Do you use any form of de-chorinator? If nothing new has been done or added into the tank, My take is most likely an environmental issue. Check your tank for NH and NO3. How many discus do you have and what is the tank sizing? Is this a bare tank or a planted tank.


What are you feeding your discus? Live feed, frozen or artificial fish feed?

----------


## tikopek

I'm using Seachem Prime for anti chlorine, 25% water change 2 times a week, 3Ft ios tank (bare tank) with 1Ft sump tank. 7 Discus are feeding on Tetra Bits and Frozen blood worm. I have already seperate the sick fish in a big pail with MelaFix medication. hope it will survive.

----------


## VictorTQT

Hi bro,

How could you train your discus to eat Tetra bits, mine are prefer beef heart and seem don't want to taste the Tetra bits. And feeding them with beef heart in planted tank is not a good idea.
Btw, when you separate the sick fish in a big pail, do you use heater/air pump together?

----------


## coolgear101

I think 25% change twice a week is not enough.

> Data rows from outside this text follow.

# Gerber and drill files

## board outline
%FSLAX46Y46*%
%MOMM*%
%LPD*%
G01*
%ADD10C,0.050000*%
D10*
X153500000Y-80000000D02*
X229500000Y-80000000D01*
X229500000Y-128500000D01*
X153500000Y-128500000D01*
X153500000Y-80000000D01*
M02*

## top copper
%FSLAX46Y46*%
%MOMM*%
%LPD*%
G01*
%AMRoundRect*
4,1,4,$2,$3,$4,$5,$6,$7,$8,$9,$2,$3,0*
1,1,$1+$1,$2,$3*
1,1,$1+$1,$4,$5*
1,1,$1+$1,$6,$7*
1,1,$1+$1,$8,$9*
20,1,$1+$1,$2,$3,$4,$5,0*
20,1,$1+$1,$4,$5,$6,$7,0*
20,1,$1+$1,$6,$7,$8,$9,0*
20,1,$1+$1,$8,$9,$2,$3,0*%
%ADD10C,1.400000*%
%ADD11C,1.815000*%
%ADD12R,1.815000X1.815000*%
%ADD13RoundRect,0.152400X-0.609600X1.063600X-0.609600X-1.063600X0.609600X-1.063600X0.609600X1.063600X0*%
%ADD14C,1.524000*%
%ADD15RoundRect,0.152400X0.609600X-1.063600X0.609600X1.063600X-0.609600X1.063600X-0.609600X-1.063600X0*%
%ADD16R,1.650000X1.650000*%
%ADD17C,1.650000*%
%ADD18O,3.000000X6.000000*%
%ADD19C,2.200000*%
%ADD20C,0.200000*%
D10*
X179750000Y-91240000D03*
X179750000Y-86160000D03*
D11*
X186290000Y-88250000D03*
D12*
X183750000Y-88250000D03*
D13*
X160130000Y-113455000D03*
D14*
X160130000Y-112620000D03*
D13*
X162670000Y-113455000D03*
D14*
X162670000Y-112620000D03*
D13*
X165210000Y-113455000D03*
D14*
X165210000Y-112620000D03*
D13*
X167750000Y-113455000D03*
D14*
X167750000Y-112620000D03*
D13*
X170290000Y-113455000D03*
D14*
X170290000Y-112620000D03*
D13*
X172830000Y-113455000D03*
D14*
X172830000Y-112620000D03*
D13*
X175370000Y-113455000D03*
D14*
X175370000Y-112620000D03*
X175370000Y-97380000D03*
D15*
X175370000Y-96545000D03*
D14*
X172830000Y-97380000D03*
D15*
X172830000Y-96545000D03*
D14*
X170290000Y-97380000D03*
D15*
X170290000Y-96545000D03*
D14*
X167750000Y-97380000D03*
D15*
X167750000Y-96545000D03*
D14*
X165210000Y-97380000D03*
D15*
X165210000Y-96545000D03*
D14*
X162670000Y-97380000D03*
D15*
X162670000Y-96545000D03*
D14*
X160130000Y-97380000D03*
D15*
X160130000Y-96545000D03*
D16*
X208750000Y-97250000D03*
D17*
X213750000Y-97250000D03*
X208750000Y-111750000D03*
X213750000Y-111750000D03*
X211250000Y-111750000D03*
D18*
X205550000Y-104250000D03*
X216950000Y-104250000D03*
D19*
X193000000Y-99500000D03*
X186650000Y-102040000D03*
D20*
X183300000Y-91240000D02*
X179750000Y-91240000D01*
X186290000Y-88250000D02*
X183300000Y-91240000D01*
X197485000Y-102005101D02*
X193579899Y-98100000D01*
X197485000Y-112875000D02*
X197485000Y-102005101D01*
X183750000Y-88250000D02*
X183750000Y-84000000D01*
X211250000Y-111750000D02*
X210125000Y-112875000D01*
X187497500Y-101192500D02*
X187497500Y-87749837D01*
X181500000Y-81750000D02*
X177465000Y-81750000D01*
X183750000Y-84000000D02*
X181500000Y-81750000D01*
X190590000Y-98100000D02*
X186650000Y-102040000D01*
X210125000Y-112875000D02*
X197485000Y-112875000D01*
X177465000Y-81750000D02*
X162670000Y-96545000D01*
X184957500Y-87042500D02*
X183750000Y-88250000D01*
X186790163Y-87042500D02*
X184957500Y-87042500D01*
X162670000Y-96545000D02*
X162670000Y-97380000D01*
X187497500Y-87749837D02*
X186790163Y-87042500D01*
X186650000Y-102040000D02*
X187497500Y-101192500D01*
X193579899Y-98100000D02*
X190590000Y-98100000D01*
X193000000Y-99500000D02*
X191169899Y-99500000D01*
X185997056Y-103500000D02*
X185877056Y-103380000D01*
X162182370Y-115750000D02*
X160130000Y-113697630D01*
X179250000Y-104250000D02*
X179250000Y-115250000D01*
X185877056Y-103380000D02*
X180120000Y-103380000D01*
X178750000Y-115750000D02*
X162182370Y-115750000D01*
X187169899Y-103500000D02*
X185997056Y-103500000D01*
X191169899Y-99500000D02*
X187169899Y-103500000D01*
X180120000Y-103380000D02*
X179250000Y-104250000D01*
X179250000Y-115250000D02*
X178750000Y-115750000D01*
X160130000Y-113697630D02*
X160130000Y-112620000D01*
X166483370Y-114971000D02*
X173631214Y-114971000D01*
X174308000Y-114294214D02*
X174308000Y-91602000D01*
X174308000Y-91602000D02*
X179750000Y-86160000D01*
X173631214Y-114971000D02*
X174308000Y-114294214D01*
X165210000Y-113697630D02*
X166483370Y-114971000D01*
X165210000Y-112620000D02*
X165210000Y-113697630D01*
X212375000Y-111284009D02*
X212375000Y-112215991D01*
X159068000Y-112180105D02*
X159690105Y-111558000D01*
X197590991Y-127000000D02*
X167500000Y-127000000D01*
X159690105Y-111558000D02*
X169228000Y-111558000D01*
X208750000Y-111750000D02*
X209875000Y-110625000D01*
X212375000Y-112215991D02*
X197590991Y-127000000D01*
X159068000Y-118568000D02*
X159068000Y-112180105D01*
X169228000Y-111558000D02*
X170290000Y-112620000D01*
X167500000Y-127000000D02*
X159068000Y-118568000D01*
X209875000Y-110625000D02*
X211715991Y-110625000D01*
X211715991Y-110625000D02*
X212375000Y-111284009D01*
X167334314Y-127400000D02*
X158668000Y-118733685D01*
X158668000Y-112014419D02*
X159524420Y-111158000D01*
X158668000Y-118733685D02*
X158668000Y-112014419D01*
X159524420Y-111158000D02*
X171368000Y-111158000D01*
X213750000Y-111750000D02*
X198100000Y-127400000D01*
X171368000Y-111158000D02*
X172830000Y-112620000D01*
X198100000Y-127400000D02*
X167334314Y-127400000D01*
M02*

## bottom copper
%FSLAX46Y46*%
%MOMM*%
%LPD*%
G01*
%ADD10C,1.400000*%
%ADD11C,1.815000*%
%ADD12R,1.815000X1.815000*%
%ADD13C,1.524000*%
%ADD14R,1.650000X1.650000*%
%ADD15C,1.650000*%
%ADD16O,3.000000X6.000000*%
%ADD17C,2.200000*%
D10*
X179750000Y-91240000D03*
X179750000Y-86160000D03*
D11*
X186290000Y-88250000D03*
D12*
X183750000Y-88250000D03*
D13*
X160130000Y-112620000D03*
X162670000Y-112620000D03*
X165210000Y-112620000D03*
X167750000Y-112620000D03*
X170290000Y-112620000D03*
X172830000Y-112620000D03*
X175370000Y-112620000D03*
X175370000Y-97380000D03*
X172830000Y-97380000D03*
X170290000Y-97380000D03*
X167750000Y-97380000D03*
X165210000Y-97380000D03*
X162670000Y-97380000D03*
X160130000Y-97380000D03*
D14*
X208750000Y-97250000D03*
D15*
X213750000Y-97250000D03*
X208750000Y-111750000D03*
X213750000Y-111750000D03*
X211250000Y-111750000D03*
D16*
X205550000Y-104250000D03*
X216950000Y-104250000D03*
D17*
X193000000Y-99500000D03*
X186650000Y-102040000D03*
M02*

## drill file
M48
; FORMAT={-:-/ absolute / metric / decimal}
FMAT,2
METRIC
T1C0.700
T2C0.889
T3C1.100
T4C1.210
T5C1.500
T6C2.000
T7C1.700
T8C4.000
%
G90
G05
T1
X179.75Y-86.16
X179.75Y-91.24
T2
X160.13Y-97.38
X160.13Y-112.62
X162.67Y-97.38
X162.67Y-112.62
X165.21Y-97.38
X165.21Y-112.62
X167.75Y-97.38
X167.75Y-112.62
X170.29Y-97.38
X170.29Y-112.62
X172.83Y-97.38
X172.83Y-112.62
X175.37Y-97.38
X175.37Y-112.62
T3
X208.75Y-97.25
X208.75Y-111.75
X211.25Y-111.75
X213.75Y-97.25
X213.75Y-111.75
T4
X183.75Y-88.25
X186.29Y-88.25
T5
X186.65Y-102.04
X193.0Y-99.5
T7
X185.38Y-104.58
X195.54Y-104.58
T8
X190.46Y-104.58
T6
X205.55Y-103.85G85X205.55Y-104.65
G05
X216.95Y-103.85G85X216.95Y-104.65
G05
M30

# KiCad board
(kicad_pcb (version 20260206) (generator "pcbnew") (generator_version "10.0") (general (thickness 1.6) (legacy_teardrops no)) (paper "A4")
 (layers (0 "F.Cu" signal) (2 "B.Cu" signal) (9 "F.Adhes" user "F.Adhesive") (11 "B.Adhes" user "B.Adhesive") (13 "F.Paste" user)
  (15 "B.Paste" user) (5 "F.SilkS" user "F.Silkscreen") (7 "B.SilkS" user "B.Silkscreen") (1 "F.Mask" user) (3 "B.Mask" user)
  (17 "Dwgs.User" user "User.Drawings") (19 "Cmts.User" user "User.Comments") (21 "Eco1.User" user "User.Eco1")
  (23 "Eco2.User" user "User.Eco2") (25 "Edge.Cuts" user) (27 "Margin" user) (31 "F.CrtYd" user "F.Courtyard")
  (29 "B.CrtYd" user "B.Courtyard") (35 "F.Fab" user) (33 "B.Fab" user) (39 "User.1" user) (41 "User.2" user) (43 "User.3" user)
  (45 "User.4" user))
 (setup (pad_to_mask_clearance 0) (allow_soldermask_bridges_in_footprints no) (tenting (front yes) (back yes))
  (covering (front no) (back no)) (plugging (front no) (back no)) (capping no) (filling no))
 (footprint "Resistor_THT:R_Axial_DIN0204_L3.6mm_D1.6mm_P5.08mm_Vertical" (layer "F.Cu") (at 179.75 91.24 90)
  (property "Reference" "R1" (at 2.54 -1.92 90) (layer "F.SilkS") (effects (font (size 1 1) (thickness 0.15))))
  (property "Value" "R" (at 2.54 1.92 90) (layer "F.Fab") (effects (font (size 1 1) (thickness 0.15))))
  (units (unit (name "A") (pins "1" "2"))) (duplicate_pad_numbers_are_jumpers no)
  (pad "1" thru_hole circle (at 0 0 90) (size 1.4 1.4) (drill 0.7) (layers "*.Cu" "*.Mask") (remove_unused_layers no) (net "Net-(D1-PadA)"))
  (pad "2" thru_hole circle (at 5.08 0 90) (size 1.4 1.4) (drill 0.7) (layers "*.Cu" "*.Mask") (remove_unused_layers no) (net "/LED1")))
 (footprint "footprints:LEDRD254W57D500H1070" (layer "F.Cu") (at 185.02 88.25)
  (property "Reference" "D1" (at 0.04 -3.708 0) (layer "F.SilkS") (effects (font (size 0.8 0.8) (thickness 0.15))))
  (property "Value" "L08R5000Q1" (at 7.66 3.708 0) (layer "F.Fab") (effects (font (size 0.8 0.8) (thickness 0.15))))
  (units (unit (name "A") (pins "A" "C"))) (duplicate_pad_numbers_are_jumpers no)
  (pad "A" thru_hole circle (at 1.27 0) (size 1.815 1.815) (drill 1.21) (layers "*.Cu" "*.Mask") (remove_unused_layers no)
   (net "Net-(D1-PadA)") (solder_mask_margin 0.102))
  (pad "C" thru_hole rect (at -1.27 0) (size 1.815 1.815) (drill 1.21) (layers "*.Cu" "*.Mask") (remove_unused_layers no) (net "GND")
   (solder_mask_margin 0.102)))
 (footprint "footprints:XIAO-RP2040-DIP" (layer "F.Cu") (at 167.75 105 180)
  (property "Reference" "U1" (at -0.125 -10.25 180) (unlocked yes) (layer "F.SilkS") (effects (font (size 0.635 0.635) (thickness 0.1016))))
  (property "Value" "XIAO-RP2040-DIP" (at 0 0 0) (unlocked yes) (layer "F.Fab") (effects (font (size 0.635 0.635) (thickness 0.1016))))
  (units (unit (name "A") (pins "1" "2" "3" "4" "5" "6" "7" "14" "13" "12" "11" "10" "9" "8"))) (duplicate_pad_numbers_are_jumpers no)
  (pad "1" smd roundrect (at 7.62 -8.455 270) (size 2.432 1.524) (layers "F.Cu" "F.Mask") (roundrect_rratio 0.1) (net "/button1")
   (thermal_bridge_angle 45))
  (pad "1" thru_hole circle (at 7.62 -7.62 270) (size 1.524 1.524) (drill 0.889) (layers "*.Cu" "*.Mask") (remove_unused_layers no)
   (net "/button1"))
  (pad "2" smd roundrect (at 5.08 -8.455 270) (size 2.432 1.524) (layers "F.Cu" "F.Mask") (roundrect_rratio 0.1)
   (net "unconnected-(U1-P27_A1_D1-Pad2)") (thermal_bridge_angle 45))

I do 100% WC every 3 days.

----------


## tikopek

Hi Victor, I trained the discus since young when they are about 2 inch, as my neighbourhood LFS did not sell beef hearts. Sometimes got to be a bit heartless to force them change diet. 1 by 1 started eating except 1 now still suriviving on just FBW. I tried starving it to a week, till it become so thin and i gave in to its persistence. Good luck in changing their diet! =)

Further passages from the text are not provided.